Global Search Group
Vision
The Global Search Group focuses on bringing world class search functionality to GitLab.com and self-managed instances.
This page covers processes and information specific to the Global Search group. See also the Global Search and Code Search direction pages.
Mission
The group is responsible for improving and expanding upon our current global search implementations using Elasticsearch, PostgreSQL, Zoekt, and Gitaly. Areas of responsibility will include global search functionality, UI, ingestion mechanisms, optimal indexing, administrative tools, and installation mechanisms for self-managed installations.
Additionally, we build and maintain critical AI context infrastructure, including:
- AI Context Abstraction Layer: A unified interface for Retrieval Augmented Generation (RAG) across multiple vector databases (Elasticsearch, OpenSearch, PostgreSQL with pgvector), enabling AI features to work regardless of underlying storage
- GitLab Zoekt: GitLab’s scalable exact code search service and file-based database system, with flexible architecture supporting various AI context use cases beyond traditional search. It’s built on top of open-source code search engine Zoekt.

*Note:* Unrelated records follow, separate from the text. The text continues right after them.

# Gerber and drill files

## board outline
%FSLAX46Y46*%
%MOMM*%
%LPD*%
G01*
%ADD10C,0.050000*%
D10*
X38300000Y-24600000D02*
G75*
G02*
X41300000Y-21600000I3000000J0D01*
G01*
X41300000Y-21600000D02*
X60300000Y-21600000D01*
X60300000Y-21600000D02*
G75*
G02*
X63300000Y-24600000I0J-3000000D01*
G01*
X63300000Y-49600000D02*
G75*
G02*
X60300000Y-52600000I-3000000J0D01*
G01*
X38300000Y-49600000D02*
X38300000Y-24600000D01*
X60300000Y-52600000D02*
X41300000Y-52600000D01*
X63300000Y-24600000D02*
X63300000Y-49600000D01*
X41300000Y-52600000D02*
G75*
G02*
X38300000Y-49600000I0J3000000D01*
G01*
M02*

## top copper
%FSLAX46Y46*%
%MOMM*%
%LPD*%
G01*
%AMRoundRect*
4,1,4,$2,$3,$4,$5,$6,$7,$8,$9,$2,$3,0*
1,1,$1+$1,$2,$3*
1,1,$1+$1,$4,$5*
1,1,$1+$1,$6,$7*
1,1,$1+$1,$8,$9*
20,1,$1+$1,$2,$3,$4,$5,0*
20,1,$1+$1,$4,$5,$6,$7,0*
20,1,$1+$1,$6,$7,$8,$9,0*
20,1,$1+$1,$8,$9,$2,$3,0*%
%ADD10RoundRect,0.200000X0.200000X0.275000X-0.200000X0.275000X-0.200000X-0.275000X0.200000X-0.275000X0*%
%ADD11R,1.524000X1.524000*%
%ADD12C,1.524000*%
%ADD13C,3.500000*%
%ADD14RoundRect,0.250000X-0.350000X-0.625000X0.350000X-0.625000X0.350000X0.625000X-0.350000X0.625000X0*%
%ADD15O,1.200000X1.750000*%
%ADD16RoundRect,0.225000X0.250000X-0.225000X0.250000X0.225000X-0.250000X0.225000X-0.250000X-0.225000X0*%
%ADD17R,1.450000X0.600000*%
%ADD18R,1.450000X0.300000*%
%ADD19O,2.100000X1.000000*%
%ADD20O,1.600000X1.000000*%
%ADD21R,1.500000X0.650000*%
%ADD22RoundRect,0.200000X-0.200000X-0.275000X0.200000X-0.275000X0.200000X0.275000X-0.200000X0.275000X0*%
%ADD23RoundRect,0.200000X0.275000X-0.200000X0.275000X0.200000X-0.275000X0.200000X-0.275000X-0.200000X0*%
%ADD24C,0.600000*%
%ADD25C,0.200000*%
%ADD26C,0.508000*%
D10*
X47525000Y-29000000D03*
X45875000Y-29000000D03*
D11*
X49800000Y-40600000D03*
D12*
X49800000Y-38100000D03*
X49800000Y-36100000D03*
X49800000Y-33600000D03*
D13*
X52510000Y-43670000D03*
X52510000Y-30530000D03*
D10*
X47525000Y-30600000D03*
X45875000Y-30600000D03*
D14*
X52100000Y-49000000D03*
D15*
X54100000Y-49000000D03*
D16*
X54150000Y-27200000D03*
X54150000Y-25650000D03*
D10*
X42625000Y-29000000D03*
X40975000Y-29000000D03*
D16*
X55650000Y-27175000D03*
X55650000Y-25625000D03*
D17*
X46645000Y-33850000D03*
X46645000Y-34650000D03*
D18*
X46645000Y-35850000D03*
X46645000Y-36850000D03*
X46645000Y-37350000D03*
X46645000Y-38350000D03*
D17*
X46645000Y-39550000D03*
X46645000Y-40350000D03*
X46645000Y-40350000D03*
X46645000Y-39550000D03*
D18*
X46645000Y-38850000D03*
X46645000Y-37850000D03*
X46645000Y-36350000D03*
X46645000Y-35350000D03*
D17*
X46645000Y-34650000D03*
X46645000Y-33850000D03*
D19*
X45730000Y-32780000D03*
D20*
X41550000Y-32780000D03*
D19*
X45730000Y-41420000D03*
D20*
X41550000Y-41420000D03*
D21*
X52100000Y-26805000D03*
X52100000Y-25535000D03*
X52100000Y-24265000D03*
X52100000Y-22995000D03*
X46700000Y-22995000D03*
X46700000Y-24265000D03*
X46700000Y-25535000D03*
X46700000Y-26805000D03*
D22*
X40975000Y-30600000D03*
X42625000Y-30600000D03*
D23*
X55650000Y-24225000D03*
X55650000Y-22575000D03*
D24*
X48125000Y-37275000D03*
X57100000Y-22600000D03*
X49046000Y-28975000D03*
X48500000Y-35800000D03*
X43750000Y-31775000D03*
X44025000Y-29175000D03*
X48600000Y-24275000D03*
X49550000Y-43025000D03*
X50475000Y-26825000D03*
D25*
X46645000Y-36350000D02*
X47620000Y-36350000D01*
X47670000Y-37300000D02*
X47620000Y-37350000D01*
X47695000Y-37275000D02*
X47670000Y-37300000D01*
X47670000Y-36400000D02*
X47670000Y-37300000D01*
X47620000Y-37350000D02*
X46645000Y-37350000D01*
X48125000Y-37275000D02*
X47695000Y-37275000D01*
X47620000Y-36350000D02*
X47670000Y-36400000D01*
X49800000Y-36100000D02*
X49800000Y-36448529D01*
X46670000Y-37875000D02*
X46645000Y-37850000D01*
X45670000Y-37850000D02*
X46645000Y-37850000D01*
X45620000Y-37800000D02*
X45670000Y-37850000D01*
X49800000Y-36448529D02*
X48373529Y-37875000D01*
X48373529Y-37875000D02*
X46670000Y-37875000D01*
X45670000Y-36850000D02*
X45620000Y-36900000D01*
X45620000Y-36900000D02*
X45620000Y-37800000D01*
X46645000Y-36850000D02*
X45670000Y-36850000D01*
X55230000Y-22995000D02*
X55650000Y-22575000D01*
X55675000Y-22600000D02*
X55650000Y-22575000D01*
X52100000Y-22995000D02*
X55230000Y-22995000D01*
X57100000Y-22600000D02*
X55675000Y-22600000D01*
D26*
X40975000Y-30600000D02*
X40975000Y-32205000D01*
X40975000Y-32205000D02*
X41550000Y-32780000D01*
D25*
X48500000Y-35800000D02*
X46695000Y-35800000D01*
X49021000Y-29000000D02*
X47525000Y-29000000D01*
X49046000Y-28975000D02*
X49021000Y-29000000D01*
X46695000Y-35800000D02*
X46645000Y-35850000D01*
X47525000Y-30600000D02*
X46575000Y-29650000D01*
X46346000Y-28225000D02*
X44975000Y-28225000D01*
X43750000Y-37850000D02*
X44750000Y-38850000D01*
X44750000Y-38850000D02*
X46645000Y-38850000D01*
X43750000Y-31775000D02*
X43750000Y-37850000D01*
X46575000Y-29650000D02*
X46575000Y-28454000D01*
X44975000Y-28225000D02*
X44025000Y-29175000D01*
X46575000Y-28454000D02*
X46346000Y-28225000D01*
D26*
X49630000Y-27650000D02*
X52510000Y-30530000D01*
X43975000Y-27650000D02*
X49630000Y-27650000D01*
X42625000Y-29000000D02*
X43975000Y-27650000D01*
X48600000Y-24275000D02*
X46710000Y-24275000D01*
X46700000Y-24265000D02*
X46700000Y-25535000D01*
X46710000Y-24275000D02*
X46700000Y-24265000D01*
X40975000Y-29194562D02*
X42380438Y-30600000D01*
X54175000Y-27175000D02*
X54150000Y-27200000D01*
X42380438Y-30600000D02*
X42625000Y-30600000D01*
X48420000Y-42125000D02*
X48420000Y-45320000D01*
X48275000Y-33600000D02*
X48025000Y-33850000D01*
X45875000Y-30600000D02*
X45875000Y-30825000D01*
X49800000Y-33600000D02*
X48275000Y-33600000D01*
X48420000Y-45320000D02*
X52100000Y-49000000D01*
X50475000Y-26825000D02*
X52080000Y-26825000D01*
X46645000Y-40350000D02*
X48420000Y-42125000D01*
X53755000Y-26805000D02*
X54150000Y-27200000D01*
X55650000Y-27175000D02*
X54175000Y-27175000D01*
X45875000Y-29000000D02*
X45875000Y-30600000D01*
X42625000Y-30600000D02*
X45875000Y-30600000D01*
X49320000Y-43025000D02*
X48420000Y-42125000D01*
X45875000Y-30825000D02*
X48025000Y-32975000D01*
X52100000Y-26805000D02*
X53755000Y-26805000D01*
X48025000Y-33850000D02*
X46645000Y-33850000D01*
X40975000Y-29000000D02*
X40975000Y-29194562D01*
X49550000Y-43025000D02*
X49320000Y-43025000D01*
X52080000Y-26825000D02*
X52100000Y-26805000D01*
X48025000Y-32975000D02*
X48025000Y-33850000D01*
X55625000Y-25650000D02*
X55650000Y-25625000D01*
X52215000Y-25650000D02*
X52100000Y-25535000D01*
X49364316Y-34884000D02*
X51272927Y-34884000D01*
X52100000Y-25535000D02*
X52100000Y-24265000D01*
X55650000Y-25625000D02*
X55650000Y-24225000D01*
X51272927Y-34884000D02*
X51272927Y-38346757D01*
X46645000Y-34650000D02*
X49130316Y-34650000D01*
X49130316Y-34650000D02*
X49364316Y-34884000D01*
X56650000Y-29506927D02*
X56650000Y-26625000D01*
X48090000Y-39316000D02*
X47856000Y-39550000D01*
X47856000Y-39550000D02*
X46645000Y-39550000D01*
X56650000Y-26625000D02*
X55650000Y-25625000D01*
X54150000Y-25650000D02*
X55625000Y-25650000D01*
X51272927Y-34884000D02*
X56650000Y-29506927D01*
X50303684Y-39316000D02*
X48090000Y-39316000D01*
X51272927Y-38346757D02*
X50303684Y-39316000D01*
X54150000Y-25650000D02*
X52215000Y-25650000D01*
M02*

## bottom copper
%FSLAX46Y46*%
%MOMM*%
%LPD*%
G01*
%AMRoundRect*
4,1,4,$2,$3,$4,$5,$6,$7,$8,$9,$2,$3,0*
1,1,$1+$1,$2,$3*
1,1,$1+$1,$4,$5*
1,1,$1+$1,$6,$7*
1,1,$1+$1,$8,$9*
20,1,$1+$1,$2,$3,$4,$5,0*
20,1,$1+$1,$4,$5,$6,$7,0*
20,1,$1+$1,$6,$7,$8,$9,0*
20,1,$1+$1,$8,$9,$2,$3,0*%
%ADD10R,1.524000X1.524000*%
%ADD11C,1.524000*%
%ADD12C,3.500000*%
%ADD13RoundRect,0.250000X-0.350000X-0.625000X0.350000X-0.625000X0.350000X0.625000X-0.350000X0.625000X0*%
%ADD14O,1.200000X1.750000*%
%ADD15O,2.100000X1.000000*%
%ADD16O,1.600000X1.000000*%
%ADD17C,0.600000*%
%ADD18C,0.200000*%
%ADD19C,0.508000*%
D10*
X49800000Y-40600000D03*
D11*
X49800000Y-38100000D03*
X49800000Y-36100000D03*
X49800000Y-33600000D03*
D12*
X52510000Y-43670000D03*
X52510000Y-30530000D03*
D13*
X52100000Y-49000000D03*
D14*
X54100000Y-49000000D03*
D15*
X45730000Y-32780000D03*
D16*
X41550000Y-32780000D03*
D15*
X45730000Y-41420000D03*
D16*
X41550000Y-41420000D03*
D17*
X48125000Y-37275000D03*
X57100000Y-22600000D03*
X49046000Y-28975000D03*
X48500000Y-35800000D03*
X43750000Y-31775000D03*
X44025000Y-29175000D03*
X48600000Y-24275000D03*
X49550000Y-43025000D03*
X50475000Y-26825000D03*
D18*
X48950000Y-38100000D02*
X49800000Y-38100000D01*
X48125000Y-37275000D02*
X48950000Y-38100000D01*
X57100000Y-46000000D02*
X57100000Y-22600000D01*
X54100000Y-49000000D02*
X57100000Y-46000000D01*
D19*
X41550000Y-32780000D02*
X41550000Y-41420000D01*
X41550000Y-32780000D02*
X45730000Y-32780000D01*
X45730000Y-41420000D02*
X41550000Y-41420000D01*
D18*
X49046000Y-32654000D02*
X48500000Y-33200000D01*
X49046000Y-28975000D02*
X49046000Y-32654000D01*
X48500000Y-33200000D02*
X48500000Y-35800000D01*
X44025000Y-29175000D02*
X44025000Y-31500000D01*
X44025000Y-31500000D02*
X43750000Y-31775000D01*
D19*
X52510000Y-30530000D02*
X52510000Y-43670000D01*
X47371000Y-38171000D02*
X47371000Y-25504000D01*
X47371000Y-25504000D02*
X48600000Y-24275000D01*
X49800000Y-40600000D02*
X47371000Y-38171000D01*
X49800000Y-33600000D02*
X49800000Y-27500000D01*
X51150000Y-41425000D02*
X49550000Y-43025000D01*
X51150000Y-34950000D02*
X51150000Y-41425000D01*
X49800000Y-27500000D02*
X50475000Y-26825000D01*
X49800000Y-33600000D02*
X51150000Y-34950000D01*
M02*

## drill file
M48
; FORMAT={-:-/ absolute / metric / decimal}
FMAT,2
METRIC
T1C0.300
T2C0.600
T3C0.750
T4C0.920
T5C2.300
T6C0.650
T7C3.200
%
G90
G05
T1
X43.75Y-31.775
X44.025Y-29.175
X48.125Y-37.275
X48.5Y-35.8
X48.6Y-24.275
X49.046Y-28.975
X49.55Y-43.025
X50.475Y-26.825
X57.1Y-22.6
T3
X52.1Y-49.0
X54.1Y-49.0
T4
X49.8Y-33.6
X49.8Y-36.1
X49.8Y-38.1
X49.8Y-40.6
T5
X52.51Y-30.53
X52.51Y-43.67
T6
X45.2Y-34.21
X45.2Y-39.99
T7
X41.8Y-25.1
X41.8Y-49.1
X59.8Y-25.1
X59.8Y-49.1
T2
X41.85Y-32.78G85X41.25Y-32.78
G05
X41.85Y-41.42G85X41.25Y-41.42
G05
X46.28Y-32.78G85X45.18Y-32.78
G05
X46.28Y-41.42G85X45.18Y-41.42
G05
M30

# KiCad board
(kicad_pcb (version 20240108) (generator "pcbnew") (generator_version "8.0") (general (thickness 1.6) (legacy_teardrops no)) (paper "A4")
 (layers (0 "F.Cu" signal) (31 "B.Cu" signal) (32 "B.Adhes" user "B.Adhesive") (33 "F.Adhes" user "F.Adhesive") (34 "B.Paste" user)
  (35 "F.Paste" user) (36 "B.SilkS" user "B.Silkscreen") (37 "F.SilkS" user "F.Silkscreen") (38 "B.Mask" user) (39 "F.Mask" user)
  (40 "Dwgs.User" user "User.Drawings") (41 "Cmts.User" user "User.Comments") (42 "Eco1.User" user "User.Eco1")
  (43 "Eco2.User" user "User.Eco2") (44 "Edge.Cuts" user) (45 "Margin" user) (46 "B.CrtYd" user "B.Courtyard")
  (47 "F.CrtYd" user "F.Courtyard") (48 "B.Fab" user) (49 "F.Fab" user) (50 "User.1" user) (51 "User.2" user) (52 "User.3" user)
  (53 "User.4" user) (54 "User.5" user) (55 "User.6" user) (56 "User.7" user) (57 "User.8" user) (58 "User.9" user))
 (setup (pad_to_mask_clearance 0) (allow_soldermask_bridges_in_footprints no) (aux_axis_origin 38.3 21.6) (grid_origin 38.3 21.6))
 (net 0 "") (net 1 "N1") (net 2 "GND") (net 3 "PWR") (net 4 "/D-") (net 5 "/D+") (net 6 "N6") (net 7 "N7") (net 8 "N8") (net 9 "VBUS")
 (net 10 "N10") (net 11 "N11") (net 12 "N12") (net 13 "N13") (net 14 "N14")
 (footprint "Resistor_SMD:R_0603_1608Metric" (layer "F.Cu") (at 46.7 29 180)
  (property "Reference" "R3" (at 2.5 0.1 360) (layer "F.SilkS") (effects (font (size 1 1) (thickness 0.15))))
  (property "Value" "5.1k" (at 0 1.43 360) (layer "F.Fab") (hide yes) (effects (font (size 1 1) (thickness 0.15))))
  (pad "1" smd roundrect (at -0.825 0 180) (size 0.8 0.95) (layers "F.Cu" "F.Paste" "F.Mask") (roundrect_rratio 0.25) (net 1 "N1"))
  (pad "2" smd roundrect (at 0.825 0 180) (size 0.8 0.95) (layers "F.Cu" "F.Paste" "F.Mask") (roundrect_rratio 0.25) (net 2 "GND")))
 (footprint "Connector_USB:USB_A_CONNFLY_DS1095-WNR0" (layer "F.Cu") (at 49.8 40.6 90)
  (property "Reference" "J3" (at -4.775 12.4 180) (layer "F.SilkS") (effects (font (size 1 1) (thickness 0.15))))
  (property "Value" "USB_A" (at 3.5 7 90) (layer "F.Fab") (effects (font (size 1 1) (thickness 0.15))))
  (pad "1" thru_hole rect (at 0 0 90) (size 1.524 1.524) (drill 0.92) (layers "*.Cu" "*.Mask") (remove_unused_layers no) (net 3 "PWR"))
  (pad "2" thru_hole circle (at 2.5 0 90) (size 1.524 1.524) (drill 0.92) (layers "*.Cu" "*.Mask") (remove_unused_layers no) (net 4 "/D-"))
  (pad "3" thru_hole circle (at 4.5 0 90) (size 1.524 1.524) (drill 0.92) (layers "*.Cu" "*.Mask") (remove_unused_layers no) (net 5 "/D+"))
  (pad "4" thru_hole circle (at 7 0 90) (size 1.524 1.524) (drill 0.92) (layers "*.Cu" "*.Mask") (remove_unused_layers no) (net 2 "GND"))
  (pad "5" thru_hole circle (at -3.07 2.71 90) (size 3.5 3.5) (drill 2.3) (layers "*.Cu" "*.Mask") (remove_unused_layers no) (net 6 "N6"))
  (pad "5" thru_hole circle (at 10.07 2.71 90) (size 3.5 3.5) (drill 2.3) (layers "*.Cu" "*.Mask") (remove_unused_layers no) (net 6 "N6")))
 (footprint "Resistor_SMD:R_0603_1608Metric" (layer "F.Cu") (at 46.7 30.6 180)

These systems will be fundamental to providing high-quality context for AI features via Retrieval Augmented Generation work, which includes:
- Identifying and preparing new useful data for our AI-powered features in collaboration with feature teams and the AI Framework team
- Storing vector embeddings of epics, issues, MRs, source code, and more
- Providing retrieval APIs for those vector embeddings, metadata filtering, and ensuring permissions are enforced
- Enabling fast, precise code search and context retrieval essential for AI context
This team doesn’t own custom searches for specific features, such as the “filter bar” on issues which is part of the Issue Tracking category owned by the Project Management group.
Team Members
The following team members are permanent members of the Global Search Group:
Stable Counterparts
The following members of other functional teams are our stable counterparts:
Name | Role |
---|---|
Ben Venker | Senior Product Manager, Global Search |
Ashraf Khamis | Senior Technical Writer |
Cleveland Bledsoe Jr | Senior Support Engineer |
Brenda Nyaringita | Support Engineer(EMEA) |
Shared Responsibilities
The Global Search team shares responsibilites with the AI Framework team in the area of (RAG). Specifically, we will collaborate in the data preparation stage and information retrieval stage of the RAG process.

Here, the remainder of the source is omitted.